As he told me about the rest of his day, other scenes flashed before my eyes.

When the marketplace fire destroyed the hub of the local Burundian economy one Sunday, he sat with the women on Monday morning. One told him, “We went to bed as business women and woke up poor.” He listened, unhurried by the demands of the day; he stayed with them. A few days later he invited them back and offered them Fanta and donuts, he made space for them to sit and tell stories of lost kiosks and inventory, not enough money to buy food for their families, the fears of being locked out of the economy. Again, he witnessed their heartbreak. Together they spoke, cried and prayed.

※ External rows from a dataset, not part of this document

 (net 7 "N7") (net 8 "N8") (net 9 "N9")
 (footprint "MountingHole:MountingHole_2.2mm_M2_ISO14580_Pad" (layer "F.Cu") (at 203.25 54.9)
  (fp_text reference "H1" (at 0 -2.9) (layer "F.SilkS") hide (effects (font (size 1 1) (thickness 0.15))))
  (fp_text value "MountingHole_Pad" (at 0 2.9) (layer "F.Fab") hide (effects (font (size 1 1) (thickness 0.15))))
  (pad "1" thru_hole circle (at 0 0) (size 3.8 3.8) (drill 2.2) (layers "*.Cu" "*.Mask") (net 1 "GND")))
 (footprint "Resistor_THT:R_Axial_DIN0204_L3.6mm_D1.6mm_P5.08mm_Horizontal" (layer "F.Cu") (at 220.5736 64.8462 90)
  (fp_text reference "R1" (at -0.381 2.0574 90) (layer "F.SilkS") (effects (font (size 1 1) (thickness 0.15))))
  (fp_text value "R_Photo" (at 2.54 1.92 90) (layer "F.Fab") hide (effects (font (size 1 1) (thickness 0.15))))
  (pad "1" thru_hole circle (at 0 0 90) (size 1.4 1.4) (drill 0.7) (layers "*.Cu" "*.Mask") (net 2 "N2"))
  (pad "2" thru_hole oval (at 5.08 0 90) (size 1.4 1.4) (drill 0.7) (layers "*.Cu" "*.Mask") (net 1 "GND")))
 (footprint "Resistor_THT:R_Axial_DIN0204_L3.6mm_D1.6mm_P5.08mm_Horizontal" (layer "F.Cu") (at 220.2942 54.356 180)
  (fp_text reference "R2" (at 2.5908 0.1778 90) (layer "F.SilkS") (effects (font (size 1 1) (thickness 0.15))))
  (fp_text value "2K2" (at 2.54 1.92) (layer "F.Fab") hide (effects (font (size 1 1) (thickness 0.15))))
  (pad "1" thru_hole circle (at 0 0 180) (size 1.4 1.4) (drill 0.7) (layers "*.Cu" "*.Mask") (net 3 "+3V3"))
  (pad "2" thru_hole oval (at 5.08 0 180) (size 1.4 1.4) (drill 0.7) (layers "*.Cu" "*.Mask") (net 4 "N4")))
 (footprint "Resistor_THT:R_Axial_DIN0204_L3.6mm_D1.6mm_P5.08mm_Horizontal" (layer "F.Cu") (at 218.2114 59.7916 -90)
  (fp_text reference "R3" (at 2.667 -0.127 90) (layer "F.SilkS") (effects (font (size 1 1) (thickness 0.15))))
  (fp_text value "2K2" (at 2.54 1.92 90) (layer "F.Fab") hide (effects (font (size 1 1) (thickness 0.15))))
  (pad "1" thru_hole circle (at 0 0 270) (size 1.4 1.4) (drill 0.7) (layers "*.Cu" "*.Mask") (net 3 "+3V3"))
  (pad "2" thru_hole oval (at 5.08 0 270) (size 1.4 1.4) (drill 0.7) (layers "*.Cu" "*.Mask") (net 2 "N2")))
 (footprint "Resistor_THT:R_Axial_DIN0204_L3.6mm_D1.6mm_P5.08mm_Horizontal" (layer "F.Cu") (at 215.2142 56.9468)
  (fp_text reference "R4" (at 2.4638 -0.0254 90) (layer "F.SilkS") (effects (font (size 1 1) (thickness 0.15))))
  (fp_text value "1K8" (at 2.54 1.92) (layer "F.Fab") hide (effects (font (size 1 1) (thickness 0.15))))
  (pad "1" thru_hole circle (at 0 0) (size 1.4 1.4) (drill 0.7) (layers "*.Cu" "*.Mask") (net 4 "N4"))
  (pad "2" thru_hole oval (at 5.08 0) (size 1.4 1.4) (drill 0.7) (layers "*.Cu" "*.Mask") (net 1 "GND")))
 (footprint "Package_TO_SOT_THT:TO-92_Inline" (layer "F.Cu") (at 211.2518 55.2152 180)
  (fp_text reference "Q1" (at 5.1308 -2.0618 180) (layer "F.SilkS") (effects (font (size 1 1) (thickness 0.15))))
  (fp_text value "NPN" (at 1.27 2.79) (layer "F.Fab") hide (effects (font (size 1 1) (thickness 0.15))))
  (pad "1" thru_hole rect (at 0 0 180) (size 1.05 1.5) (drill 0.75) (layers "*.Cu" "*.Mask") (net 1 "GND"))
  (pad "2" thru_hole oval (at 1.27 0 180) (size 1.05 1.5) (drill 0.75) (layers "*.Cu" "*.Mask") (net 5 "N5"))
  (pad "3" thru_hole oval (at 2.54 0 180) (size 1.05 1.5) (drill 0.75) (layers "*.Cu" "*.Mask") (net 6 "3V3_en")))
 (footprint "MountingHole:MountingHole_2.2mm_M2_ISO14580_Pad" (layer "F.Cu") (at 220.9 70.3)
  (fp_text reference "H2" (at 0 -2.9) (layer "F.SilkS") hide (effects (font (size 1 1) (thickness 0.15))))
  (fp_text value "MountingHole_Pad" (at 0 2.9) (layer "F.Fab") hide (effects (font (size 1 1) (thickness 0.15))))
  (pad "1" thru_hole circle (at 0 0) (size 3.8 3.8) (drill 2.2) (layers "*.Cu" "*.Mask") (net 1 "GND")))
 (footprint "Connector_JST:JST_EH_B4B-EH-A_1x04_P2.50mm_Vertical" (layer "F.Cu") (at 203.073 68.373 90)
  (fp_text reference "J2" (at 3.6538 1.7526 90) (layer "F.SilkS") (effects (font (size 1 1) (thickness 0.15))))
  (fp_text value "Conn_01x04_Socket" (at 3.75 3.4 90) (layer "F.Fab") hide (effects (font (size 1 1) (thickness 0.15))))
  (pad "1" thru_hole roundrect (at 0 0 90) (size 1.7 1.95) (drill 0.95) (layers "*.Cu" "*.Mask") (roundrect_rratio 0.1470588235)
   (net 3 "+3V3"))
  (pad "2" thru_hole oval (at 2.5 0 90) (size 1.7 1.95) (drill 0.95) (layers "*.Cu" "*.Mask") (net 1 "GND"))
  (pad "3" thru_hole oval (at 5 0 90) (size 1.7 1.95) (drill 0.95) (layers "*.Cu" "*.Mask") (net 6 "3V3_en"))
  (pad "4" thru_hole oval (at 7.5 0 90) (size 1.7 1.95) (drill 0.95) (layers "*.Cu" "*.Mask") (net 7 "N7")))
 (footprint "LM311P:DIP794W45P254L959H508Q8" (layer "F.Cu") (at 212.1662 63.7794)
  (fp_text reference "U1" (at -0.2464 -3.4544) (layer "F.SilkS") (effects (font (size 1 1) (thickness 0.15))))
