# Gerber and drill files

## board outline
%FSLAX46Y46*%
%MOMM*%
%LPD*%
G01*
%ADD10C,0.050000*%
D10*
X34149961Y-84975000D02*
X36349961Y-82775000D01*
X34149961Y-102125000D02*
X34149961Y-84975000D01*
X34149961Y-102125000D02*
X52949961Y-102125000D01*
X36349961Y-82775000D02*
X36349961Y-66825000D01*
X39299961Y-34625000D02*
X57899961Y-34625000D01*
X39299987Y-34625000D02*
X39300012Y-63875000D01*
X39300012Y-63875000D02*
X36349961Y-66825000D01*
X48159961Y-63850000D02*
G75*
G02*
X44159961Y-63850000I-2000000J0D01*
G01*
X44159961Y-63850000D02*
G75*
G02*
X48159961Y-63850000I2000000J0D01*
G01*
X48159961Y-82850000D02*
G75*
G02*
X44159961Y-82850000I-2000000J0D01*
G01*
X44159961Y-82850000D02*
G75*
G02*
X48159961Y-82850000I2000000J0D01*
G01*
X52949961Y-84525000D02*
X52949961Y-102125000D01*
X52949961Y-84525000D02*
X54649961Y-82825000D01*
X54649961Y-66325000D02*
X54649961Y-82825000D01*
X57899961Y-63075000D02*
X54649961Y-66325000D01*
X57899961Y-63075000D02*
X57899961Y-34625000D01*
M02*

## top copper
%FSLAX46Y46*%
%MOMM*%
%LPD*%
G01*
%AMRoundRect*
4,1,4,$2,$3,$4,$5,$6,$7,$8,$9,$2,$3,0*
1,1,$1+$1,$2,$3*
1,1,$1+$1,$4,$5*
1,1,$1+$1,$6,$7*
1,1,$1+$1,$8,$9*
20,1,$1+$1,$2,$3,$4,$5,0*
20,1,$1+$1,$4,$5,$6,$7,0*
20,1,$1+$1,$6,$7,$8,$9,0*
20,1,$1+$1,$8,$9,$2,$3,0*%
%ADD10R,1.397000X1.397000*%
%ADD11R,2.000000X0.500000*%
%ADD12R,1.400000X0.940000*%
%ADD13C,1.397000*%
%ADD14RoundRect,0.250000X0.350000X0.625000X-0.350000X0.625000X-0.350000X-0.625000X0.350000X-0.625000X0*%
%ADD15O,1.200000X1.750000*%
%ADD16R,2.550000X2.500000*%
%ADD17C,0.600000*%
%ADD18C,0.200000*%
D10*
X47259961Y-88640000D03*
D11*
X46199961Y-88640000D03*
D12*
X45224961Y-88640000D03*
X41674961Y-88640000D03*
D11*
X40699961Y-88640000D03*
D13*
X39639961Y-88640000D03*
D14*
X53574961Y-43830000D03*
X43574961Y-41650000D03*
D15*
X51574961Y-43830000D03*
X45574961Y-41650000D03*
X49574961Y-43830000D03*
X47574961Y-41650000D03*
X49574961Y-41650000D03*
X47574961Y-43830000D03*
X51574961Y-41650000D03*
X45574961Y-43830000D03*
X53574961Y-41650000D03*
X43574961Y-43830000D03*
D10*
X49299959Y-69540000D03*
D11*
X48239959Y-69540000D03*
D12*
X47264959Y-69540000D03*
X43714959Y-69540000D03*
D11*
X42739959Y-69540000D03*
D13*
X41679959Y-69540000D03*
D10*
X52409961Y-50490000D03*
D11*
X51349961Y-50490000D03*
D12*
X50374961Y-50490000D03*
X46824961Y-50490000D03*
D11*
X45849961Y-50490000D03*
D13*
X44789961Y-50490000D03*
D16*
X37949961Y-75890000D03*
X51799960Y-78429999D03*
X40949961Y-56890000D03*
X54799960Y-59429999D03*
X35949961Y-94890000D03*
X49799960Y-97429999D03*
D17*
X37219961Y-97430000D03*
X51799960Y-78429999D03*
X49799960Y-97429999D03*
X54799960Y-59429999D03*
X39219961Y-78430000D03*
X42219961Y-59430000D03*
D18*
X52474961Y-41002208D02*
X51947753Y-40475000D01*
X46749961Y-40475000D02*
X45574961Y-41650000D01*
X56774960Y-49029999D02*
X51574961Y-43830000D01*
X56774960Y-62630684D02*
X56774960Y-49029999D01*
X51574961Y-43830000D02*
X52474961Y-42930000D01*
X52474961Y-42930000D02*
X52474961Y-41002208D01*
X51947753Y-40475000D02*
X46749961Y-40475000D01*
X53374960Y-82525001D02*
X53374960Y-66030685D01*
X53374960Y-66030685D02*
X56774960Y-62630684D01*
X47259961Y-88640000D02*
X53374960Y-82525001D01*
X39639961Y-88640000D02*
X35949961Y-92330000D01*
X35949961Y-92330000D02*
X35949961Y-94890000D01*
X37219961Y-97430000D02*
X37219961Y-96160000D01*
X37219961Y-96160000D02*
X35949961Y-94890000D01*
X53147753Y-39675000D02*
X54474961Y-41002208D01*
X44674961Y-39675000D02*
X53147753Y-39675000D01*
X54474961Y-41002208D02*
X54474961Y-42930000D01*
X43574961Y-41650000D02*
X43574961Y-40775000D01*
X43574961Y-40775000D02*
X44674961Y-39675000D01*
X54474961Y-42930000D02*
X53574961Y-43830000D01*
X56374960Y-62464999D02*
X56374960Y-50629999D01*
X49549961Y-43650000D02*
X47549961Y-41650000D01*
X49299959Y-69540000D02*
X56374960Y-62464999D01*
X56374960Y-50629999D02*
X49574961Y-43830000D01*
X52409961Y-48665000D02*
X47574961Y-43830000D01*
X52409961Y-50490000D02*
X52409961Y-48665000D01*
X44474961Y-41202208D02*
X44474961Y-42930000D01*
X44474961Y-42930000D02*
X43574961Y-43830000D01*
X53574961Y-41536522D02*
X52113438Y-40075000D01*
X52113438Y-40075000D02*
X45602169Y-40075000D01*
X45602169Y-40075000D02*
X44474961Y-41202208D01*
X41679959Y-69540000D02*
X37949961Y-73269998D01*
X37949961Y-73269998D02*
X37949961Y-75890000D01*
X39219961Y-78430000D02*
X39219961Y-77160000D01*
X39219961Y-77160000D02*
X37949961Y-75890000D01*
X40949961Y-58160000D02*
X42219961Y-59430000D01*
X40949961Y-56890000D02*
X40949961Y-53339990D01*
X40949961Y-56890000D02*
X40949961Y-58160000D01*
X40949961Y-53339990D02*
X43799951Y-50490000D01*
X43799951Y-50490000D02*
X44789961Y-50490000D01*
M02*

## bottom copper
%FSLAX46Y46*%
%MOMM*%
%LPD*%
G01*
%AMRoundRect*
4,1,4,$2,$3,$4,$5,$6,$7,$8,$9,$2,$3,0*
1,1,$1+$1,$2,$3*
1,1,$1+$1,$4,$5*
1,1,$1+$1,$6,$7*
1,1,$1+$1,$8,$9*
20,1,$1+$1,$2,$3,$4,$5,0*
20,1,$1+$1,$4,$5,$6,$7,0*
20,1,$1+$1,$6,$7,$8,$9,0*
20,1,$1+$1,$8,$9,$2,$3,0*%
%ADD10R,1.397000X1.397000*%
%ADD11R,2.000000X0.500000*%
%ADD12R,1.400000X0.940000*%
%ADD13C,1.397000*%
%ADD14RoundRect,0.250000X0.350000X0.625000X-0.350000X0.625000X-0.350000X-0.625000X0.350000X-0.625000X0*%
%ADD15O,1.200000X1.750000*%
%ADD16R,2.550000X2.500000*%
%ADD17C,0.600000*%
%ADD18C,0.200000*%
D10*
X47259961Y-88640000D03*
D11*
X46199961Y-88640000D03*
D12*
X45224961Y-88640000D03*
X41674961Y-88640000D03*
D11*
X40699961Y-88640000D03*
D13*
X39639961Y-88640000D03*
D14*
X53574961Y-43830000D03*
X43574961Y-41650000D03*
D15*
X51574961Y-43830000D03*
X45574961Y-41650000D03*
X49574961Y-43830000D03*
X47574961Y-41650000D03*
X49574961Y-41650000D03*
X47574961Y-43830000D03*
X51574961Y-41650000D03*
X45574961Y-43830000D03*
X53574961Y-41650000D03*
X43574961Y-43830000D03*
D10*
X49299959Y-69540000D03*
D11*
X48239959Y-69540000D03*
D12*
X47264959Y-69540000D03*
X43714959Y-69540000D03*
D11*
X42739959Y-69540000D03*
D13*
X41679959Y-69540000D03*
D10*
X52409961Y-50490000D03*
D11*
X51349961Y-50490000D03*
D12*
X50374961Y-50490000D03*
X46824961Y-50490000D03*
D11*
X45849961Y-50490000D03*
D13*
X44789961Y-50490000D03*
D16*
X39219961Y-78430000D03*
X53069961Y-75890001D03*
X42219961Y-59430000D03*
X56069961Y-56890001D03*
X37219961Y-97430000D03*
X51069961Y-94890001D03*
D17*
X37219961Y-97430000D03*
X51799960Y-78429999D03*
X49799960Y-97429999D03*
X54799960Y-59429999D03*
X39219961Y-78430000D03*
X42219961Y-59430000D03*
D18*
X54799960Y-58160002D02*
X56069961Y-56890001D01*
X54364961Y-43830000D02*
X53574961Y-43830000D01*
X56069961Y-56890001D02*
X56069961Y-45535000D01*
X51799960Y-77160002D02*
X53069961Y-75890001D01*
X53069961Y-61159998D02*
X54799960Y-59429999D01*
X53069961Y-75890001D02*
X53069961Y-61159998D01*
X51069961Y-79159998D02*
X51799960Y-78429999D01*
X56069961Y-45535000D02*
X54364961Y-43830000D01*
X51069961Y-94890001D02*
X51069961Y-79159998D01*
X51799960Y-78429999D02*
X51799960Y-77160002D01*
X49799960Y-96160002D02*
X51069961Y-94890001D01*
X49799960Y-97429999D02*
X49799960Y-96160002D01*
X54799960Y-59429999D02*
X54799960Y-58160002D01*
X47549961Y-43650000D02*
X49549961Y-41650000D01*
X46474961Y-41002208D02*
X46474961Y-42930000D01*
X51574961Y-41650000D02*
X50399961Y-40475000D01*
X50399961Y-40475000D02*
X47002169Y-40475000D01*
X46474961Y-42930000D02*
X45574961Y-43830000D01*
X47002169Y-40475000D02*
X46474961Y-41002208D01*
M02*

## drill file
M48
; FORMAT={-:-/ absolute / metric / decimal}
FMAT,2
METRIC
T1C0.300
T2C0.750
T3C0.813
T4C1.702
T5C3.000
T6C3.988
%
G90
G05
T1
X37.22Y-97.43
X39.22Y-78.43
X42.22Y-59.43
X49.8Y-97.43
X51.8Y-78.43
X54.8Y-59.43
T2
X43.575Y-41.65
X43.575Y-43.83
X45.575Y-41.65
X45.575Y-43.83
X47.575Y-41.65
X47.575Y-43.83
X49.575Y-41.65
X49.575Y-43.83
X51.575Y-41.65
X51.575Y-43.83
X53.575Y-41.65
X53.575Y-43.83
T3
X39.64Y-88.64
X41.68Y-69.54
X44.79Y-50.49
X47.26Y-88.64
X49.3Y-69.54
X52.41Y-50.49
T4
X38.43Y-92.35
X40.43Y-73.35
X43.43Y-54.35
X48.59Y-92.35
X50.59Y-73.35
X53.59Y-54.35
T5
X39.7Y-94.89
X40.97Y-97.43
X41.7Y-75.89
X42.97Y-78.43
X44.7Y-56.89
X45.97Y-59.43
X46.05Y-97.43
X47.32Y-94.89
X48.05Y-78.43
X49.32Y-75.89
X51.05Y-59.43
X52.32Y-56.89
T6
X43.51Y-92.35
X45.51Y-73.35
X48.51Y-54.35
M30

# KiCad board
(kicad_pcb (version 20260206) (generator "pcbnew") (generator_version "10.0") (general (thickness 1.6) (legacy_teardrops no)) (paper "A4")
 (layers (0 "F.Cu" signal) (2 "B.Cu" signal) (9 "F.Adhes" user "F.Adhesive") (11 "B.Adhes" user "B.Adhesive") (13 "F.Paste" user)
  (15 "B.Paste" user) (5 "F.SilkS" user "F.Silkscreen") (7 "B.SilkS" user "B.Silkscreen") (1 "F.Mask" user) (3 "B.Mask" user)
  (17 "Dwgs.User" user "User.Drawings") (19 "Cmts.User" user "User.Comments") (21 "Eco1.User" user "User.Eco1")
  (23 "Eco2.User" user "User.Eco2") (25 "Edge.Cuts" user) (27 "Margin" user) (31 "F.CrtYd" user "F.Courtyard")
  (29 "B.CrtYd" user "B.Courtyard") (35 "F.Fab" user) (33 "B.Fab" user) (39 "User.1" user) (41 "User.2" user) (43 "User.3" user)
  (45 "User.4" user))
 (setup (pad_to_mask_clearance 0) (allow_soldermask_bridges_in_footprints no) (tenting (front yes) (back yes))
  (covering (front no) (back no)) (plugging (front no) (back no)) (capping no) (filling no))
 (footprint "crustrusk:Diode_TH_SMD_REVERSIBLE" (layer "F.Cu") (at 43.449961 88.64 180)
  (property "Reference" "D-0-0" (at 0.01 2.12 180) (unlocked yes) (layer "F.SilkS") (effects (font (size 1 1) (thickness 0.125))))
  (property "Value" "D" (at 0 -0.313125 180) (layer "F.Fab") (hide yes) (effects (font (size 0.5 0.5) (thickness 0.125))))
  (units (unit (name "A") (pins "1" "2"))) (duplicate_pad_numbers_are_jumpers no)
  (pad "1" thru_hole rect (at -3.81 0 180) (size 1.397 1.397) (drill 0.8128) (layers "*.Cu" "*.Mask") (remove_unused_layers no)
   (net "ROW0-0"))
  (pad "1" smd rect (at -2.75 0) (size 2 0.5) (layers "F.Cu") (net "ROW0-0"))
  (pad "1" smd rect (at -2.75 0 180) (size 2 0.5) (layers "B.Cu") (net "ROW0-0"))
  (pad "1" smd rect (at -1.775 0) (size 1.4 0.94) (layers "F.Cu" "F.Mask" "F.Paste") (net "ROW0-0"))
  (pad "1" smd rect (at -1.775 0 180) (size 1.4 0.94) (layers "B.Cu" "B.Mask" "B.Paste") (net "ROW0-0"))
  (pad "2" smd rect (at 1.775 0) (size 1.4 0.94) (layers "F.Cu" "F.Mask" "F.Paste") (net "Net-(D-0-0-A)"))
  (pad "2" smd rect (at 1.775 0 180) (size 1.4 0.94) (layers "B.Cu" "B.Mask" "B.Paste") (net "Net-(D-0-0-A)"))
  (pad "2" smd rect (at 2.75 0) (size 2 0.5) (layers "F.Cu") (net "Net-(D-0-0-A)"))
  (pad "2" smd rect (at 2.75 0 180) (size 2 0.5) (layers "B.Cu") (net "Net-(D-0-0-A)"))
  (pad "2" thru_hole circle (at 3.81 0 180) (size 1.397 1.397) (drill 0.8128) (layers "*.Cu" "*.Mask") (remove_unused_layers no)
   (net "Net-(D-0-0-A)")))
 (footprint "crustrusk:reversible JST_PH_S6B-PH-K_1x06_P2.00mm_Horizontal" (layer "F.Cu") (at 53.574961 43.83 180)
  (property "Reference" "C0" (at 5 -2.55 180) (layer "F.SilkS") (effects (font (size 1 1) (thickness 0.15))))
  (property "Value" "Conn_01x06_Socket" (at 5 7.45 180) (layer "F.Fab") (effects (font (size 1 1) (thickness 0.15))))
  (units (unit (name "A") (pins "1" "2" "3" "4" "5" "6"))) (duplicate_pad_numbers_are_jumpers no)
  (pad "1" thru_hole roundrect (at 0 0 180) (size 1.2 1.75) (drill 0.75) (layers "*.Cu" "*.Mask") (remove_unused_layers no)
   (roundrect_rratio 0.208333) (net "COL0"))
  (pad "1" thru_hole roundrect (at 10 2.18 180) (size 1.2 1.75) (drill 0.75) (layers "*.Cu" "*.Mask") (remove_unused_layers no)
   (roundrect_rratio 0.208333) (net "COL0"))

Just this past December he heard rumors of patient prisoners held at a local hospital, trapped there because they couldn’t afford to pay their bills. He decided to investigate. He found sixty-eight women in the dismal courtyard, sullen and despondent after months of captivity. He sat with them. He listened. The words pierced him. He couldn’t conceal his sobs as he told me about their conditions. Some were dipping into depression and saw no hope for any other kind of a future. His morning plans instantly derailed as he committed to hours with these women, mourning side by side.

Once our phone call ended, I realized the story all these images told me. He sits with women as they mourn. He is unafraid of their pain. He enters into the rawness of loss and listens well to their lament. Eye to eye, hand in hand, he touches them and is touched by their despair. He holds the space for them. He hallows the space, somehow.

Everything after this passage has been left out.